(TASK GOAL)
Please find all lines containing "hide" in the listing below and copy them.

(SOURCE RECORDS)
▶

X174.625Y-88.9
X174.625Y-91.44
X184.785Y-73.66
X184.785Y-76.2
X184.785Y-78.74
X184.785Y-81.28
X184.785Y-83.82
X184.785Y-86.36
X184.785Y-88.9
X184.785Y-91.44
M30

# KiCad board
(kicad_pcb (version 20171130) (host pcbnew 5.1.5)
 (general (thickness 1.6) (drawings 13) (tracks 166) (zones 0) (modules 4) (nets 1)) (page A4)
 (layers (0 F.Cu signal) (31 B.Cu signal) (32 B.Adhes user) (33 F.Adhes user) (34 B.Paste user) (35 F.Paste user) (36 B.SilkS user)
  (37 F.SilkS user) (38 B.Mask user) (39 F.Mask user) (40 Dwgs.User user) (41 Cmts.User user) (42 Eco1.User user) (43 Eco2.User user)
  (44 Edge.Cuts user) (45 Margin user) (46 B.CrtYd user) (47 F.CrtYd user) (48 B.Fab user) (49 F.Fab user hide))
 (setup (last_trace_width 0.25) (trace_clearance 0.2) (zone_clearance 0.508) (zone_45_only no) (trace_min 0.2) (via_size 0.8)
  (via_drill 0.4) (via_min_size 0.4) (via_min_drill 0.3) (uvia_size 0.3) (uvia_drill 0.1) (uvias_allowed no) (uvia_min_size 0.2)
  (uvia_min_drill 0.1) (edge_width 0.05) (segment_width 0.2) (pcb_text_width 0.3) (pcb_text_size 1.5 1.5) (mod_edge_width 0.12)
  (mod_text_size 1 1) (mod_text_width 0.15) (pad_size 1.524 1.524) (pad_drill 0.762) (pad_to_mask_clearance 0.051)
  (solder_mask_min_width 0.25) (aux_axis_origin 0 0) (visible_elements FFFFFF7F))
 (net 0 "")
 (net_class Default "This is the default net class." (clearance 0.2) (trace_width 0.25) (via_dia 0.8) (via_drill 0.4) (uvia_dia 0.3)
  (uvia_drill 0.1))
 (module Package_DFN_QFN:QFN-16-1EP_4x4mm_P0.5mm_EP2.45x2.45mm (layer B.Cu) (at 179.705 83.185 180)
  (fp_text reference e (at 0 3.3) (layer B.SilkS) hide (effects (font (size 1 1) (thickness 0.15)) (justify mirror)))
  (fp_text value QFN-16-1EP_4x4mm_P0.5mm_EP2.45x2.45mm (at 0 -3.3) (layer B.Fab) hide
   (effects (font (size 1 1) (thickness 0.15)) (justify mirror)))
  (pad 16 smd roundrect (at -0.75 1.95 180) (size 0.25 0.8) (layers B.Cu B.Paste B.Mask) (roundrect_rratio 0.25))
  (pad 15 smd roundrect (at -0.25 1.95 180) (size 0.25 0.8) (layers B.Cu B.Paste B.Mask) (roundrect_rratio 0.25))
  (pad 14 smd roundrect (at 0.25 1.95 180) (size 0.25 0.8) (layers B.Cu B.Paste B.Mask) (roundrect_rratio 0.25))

◀

(WRITTEN RESPONSE)
  (44 Edge.Cuts user) (45 Margin user) (46 B.CrtYd user) (47 F.CrtYd user) (48 B.Fab user) (49 F.Fab user hide))
  (fp_text reference e (at 0 3.3) (layer B.SilkS) hide (effects (font (size 1 1) (thickness 0.15)) (justify mirror)))
  (fp_text value QFN-16-1EP_4x4mm_P0.5mm_EP2.45x2.45mm (at 0 -3.3) (layer B.Fab) hide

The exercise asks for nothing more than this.